Web Archives Deprecated - Should We Migrate?

Looking at the apple developer docs, WebArchives have been deprecated as of 10.14. Should we be converting our web archives to something more durable e.g. PDFs or just using bookmarks within DEVONthink? Does DEVONthink have a replacement in mind? Thanks!

2 Likes

If you want an archive to be a snapshot of a website at a certain point in time, you have to go with an immutable format like PDF, i.e. something that has neither dynamic content like JavaScript nor links.

A bookmark will only show you what is there at the moment you open it. Which has the advantage of being small and the disadvantage of presenting you with an error message if the original web page goes away.

2 Likes

Yup, same page. I guess the point is do we stop using web archives which have the benefit where links still work etc, or decide if we want bookmarks vs. pdfs?
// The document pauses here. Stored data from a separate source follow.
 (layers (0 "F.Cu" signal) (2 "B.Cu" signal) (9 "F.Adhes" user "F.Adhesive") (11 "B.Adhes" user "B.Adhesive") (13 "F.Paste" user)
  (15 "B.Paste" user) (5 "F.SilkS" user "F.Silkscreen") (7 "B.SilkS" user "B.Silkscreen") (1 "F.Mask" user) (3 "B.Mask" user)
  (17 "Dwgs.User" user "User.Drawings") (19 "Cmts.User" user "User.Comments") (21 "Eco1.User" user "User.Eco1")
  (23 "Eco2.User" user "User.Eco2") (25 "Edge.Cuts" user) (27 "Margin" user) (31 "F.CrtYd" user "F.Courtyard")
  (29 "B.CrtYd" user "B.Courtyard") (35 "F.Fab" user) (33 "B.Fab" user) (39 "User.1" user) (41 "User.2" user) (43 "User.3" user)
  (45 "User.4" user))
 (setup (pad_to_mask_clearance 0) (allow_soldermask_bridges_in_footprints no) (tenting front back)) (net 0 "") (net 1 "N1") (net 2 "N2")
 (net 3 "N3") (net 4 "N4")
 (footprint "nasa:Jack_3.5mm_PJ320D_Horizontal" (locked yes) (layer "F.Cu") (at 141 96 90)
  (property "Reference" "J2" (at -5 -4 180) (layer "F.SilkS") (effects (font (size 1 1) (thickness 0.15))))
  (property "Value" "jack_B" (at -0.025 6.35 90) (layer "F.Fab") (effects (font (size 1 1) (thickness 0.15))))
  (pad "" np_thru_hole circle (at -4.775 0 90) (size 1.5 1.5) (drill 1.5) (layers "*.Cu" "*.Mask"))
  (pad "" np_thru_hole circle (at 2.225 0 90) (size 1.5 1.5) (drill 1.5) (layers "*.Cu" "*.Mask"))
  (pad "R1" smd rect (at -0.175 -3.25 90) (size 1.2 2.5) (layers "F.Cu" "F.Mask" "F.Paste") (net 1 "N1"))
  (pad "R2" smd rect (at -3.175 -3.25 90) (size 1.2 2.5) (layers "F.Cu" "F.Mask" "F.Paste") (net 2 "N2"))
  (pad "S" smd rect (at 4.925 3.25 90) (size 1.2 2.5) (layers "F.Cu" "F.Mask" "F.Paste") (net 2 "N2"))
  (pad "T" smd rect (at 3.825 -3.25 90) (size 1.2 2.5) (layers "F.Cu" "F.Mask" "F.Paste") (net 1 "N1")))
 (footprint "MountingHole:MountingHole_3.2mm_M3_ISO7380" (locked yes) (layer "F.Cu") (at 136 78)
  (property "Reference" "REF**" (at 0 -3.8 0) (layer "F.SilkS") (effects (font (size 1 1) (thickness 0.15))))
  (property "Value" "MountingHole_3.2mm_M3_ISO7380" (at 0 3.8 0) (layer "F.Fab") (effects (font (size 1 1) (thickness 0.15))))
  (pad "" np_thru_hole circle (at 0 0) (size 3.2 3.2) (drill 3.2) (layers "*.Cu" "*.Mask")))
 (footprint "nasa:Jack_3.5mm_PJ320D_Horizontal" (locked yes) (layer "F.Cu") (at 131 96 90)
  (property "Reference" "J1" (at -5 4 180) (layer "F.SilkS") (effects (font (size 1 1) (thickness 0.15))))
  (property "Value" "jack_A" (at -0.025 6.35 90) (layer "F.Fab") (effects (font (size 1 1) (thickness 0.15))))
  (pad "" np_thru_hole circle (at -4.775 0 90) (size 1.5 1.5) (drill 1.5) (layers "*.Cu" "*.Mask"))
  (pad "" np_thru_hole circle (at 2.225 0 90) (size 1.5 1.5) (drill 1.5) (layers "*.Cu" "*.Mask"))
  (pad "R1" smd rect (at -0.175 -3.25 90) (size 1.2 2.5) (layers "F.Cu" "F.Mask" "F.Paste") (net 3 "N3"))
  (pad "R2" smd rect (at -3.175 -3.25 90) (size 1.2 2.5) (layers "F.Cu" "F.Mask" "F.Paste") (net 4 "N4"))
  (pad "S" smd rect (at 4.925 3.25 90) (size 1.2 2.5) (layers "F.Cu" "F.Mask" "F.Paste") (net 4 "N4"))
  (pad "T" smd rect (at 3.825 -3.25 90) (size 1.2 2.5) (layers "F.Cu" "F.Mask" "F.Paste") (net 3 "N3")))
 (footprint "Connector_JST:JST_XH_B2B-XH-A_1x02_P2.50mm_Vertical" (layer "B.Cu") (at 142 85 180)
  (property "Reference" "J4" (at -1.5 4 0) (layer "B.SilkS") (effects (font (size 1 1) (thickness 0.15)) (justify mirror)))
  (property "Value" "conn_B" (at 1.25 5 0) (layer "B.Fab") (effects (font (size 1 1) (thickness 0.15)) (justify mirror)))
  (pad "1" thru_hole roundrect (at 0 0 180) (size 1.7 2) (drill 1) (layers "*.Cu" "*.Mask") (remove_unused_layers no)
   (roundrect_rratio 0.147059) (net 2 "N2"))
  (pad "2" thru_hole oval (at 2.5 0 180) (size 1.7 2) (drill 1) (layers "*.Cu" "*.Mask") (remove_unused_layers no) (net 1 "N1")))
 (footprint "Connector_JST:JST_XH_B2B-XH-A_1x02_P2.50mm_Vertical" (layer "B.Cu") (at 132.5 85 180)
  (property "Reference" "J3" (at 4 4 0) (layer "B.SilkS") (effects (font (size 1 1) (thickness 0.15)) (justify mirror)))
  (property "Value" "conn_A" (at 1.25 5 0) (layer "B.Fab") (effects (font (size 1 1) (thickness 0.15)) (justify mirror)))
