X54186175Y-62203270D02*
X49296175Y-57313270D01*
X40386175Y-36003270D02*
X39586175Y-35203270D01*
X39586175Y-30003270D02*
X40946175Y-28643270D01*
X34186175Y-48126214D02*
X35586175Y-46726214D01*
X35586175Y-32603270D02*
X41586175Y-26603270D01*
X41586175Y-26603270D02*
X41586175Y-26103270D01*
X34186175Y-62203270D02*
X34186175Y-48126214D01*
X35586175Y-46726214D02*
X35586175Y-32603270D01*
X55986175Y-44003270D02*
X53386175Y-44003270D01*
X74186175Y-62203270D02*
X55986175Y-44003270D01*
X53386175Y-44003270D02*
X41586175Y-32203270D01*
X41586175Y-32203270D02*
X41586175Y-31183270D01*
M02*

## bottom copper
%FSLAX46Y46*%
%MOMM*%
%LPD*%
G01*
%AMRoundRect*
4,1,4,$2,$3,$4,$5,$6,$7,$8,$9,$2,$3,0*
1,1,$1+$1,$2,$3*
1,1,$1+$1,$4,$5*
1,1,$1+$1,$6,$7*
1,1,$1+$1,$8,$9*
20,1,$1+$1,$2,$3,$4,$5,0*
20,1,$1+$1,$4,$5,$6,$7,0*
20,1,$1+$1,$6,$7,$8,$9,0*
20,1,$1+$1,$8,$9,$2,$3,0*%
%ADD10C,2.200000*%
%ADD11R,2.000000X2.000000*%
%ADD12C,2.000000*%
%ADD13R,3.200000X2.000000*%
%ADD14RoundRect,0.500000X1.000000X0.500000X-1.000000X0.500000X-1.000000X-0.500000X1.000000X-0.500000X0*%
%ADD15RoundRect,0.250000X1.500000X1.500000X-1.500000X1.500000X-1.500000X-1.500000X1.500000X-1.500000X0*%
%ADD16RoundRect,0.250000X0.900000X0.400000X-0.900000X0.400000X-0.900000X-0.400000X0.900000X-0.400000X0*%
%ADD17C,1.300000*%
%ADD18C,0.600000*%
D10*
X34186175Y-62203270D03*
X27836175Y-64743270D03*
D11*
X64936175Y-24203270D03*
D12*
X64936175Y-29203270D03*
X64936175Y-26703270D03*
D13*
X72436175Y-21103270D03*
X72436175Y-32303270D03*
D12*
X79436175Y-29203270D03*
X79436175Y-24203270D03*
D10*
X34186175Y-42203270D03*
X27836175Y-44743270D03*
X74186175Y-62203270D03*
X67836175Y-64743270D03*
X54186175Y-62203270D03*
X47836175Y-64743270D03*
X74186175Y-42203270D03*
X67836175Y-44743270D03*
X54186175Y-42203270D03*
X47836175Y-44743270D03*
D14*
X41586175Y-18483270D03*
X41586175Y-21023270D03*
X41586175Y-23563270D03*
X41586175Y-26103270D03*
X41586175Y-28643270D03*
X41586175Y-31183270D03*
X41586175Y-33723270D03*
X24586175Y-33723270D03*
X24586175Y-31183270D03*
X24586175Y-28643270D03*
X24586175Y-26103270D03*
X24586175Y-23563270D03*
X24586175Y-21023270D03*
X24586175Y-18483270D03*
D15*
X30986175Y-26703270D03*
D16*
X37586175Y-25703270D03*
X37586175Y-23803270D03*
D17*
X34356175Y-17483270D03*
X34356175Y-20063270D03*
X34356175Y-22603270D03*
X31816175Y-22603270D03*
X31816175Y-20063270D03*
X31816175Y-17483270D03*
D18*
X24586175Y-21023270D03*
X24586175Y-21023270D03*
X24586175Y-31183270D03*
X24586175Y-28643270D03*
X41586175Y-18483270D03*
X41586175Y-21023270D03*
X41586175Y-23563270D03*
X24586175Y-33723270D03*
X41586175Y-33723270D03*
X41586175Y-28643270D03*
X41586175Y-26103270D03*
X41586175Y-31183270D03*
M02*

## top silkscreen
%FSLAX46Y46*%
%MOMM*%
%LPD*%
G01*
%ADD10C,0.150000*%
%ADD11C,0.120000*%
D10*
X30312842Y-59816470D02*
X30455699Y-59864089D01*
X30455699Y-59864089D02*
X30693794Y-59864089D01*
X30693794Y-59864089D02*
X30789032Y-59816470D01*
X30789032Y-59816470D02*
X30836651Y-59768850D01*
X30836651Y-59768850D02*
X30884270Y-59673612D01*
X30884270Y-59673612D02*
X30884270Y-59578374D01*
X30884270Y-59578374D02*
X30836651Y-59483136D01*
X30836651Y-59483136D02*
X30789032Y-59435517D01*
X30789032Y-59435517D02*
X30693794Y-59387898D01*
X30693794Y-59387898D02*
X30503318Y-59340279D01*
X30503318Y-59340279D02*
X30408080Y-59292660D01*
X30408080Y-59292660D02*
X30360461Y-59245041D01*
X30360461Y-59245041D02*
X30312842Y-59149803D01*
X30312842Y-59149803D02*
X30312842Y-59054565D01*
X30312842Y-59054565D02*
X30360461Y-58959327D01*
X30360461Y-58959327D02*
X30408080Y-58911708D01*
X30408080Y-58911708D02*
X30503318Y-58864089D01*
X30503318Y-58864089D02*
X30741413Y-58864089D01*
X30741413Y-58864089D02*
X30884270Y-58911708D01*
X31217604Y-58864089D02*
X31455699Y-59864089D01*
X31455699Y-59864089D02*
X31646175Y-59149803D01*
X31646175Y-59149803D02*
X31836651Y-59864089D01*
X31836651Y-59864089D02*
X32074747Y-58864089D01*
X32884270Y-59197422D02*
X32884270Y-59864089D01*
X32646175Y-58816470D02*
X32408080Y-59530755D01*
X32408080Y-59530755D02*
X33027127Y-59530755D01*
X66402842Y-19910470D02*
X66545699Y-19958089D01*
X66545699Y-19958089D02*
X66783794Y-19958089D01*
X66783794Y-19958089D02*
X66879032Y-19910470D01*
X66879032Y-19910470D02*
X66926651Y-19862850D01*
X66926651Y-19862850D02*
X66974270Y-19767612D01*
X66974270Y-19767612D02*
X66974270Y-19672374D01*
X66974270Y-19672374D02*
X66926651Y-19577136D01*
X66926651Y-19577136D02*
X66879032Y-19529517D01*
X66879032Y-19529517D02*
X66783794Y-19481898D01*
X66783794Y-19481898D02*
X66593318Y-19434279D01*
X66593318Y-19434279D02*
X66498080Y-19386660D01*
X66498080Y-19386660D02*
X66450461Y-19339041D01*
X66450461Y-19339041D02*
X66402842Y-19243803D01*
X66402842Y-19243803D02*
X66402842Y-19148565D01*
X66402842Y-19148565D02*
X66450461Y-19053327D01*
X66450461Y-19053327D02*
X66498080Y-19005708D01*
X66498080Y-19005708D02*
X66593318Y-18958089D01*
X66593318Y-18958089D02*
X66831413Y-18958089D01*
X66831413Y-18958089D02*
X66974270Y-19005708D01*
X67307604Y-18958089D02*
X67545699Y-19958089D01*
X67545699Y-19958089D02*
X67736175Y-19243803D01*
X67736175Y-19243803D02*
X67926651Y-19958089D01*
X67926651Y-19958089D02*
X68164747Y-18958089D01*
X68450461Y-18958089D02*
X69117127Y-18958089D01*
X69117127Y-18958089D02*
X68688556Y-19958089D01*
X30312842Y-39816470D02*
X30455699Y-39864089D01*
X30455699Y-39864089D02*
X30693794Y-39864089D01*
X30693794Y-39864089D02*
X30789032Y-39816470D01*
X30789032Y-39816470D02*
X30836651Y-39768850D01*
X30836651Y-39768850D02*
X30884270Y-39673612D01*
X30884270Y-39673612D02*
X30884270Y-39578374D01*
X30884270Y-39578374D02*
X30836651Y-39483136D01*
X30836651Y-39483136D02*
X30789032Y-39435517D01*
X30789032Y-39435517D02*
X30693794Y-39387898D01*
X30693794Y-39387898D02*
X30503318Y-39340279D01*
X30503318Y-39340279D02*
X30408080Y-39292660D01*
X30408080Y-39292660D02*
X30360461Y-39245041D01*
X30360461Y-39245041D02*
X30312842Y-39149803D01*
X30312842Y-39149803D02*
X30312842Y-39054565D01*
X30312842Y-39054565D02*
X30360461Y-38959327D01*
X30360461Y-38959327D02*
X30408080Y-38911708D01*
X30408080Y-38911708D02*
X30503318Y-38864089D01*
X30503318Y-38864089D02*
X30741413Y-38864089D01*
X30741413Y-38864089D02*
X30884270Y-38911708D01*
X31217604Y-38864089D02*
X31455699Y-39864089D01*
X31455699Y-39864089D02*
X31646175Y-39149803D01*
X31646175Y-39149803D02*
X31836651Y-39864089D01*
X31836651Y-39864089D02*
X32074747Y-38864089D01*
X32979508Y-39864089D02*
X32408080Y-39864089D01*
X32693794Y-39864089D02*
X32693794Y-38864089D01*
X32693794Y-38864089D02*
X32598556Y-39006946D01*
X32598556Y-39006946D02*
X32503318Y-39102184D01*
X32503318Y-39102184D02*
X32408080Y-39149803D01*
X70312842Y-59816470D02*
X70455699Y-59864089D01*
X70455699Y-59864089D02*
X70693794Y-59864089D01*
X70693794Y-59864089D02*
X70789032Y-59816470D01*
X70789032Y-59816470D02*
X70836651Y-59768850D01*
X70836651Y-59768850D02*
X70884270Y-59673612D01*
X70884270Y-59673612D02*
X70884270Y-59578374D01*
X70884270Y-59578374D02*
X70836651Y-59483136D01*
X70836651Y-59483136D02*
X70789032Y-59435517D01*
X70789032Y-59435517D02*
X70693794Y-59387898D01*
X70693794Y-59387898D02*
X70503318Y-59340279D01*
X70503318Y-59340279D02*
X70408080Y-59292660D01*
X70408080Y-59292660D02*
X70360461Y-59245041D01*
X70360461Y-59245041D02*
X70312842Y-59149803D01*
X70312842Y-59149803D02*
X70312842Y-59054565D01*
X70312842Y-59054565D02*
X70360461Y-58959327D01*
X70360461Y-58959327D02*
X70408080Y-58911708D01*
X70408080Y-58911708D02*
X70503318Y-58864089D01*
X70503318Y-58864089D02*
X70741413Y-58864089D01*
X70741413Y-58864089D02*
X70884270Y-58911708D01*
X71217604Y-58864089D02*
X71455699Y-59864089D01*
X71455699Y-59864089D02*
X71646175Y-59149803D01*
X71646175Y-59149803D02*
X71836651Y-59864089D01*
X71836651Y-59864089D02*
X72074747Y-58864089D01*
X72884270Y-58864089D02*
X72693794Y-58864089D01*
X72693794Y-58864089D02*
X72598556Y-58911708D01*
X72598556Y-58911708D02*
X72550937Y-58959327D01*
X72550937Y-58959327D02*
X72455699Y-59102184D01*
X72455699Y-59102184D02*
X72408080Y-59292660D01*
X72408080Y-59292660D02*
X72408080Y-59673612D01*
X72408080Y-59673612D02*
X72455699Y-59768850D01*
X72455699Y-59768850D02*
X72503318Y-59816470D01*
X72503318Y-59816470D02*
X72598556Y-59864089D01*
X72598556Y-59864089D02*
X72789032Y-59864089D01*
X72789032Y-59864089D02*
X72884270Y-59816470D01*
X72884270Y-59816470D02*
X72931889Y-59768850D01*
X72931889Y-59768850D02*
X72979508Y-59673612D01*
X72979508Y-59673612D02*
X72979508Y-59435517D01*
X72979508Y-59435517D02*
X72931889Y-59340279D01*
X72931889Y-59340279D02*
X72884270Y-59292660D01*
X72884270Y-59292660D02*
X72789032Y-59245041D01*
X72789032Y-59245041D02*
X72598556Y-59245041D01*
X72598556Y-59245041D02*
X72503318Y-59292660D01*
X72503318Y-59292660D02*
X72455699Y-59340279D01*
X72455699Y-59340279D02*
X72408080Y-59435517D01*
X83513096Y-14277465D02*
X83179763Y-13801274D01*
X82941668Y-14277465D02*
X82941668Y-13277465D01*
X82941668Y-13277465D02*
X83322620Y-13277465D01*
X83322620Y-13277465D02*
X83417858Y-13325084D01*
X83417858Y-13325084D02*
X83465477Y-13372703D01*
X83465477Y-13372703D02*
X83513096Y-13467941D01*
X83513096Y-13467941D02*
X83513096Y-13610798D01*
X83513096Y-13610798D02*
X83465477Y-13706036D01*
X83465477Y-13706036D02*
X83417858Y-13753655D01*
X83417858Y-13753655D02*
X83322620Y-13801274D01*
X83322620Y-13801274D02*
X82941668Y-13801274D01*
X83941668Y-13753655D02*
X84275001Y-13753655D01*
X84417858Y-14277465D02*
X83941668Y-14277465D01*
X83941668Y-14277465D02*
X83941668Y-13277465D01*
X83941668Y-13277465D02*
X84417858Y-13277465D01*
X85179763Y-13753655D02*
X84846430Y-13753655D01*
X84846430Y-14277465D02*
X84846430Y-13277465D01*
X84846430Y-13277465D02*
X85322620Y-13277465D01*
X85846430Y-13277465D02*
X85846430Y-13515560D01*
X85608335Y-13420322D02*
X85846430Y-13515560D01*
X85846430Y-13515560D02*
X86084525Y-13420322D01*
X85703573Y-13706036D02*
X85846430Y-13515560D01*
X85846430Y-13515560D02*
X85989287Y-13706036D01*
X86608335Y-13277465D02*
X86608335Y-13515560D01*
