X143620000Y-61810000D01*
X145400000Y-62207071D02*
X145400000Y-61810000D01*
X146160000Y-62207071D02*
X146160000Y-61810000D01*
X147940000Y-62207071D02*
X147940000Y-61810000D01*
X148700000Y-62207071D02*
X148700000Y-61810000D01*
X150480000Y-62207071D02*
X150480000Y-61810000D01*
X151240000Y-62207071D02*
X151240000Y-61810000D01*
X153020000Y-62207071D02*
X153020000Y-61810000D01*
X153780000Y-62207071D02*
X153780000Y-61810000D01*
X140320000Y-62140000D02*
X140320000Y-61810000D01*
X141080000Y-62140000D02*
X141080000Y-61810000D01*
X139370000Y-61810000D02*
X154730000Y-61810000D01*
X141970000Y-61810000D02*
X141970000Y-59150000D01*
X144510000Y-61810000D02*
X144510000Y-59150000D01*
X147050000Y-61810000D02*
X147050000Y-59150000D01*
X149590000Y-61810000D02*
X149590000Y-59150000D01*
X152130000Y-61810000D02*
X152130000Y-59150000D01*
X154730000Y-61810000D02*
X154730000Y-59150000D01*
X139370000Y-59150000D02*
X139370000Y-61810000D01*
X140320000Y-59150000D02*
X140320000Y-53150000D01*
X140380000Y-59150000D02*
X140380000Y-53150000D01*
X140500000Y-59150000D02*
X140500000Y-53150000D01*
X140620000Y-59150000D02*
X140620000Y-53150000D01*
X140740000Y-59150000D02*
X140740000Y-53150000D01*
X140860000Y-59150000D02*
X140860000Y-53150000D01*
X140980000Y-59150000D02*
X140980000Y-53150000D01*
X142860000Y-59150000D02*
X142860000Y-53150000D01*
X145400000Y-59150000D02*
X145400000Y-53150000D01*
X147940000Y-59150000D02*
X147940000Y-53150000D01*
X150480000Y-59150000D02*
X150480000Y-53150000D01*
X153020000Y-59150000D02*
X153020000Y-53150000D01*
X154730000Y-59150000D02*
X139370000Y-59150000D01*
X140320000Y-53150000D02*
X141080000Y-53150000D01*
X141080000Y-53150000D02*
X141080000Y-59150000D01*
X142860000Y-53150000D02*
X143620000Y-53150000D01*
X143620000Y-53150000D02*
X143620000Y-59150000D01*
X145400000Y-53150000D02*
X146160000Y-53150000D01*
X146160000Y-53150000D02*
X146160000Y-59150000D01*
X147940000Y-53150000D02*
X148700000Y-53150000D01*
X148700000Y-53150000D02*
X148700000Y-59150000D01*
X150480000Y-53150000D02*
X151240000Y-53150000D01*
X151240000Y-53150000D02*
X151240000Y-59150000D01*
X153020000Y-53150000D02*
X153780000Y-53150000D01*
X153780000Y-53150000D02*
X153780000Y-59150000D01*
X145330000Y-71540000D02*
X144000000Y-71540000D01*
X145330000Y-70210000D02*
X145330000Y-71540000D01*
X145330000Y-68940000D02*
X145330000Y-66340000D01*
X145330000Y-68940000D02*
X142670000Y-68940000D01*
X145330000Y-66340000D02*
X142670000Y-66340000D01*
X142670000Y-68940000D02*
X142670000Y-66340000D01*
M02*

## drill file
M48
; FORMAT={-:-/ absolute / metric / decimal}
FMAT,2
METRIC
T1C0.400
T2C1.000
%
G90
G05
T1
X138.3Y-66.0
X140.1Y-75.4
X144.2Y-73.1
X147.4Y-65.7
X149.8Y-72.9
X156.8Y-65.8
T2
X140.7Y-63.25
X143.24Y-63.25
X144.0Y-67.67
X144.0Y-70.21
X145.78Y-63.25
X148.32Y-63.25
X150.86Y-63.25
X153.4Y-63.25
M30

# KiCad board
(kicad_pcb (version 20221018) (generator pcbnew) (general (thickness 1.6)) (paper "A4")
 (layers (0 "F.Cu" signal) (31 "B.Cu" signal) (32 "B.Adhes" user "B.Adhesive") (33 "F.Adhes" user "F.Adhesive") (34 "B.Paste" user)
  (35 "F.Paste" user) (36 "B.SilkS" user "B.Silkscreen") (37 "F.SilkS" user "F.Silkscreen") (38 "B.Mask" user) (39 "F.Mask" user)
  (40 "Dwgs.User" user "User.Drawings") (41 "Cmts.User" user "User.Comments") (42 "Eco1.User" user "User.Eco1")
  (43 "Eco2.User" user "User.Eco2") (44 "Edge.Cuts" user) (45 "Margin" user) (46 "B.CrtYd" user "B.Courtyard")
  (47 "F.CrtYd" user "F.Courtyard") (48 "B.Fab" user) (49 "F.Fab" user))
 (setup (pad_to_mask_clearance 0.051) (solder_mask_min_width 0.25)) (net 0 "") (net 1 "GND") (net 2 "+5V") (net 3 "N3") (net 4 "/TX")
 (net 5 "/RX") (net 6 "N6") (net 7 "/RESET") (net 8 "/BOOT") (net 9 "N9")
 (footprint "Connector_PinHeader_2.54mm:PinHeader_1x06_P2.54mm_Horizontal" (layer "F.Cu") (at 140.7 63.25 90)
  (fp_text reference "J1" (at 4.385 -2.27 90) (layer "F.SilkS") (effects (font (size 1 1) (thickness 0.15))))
I print the pages to pdf (from reader view so it doesn’t have the ads) and the in-text links work fine for me.

Correction:They do not, I have no idea what I’ve been clicking on!

That’s strange. I routinely export to PDF from Safari on macOS, and the links work. Perhaps there’s a difference in browser behavior?

1 Like

I only use PDFs printed from Safari’s Reader Mode and also the exported Safari Full Page PDFs from the File > Export as PDF feature, and all links work fine for me. Links not working would be a non-starter for me.
Printed PDFs without Reader Mode also retain all links.

2 Likes

Thank you for flagging, and @chrk. I went to check after I wrote my comment and the pdf I tested didn’t work, so I thought maybe I’d muddled the function up, and it was only actual pdfs I download off the web that do this. However having seen your comments I’ve just tried a couple of other pdfs in DT that are definitely web pages in reader format that I printed to pdf and the links are fine. So, I think I was just very unlucky and the one I tested after I wrote my comment doesn’t work for some reason (I can’t remember how I got it so it’s probably my error or a blip!).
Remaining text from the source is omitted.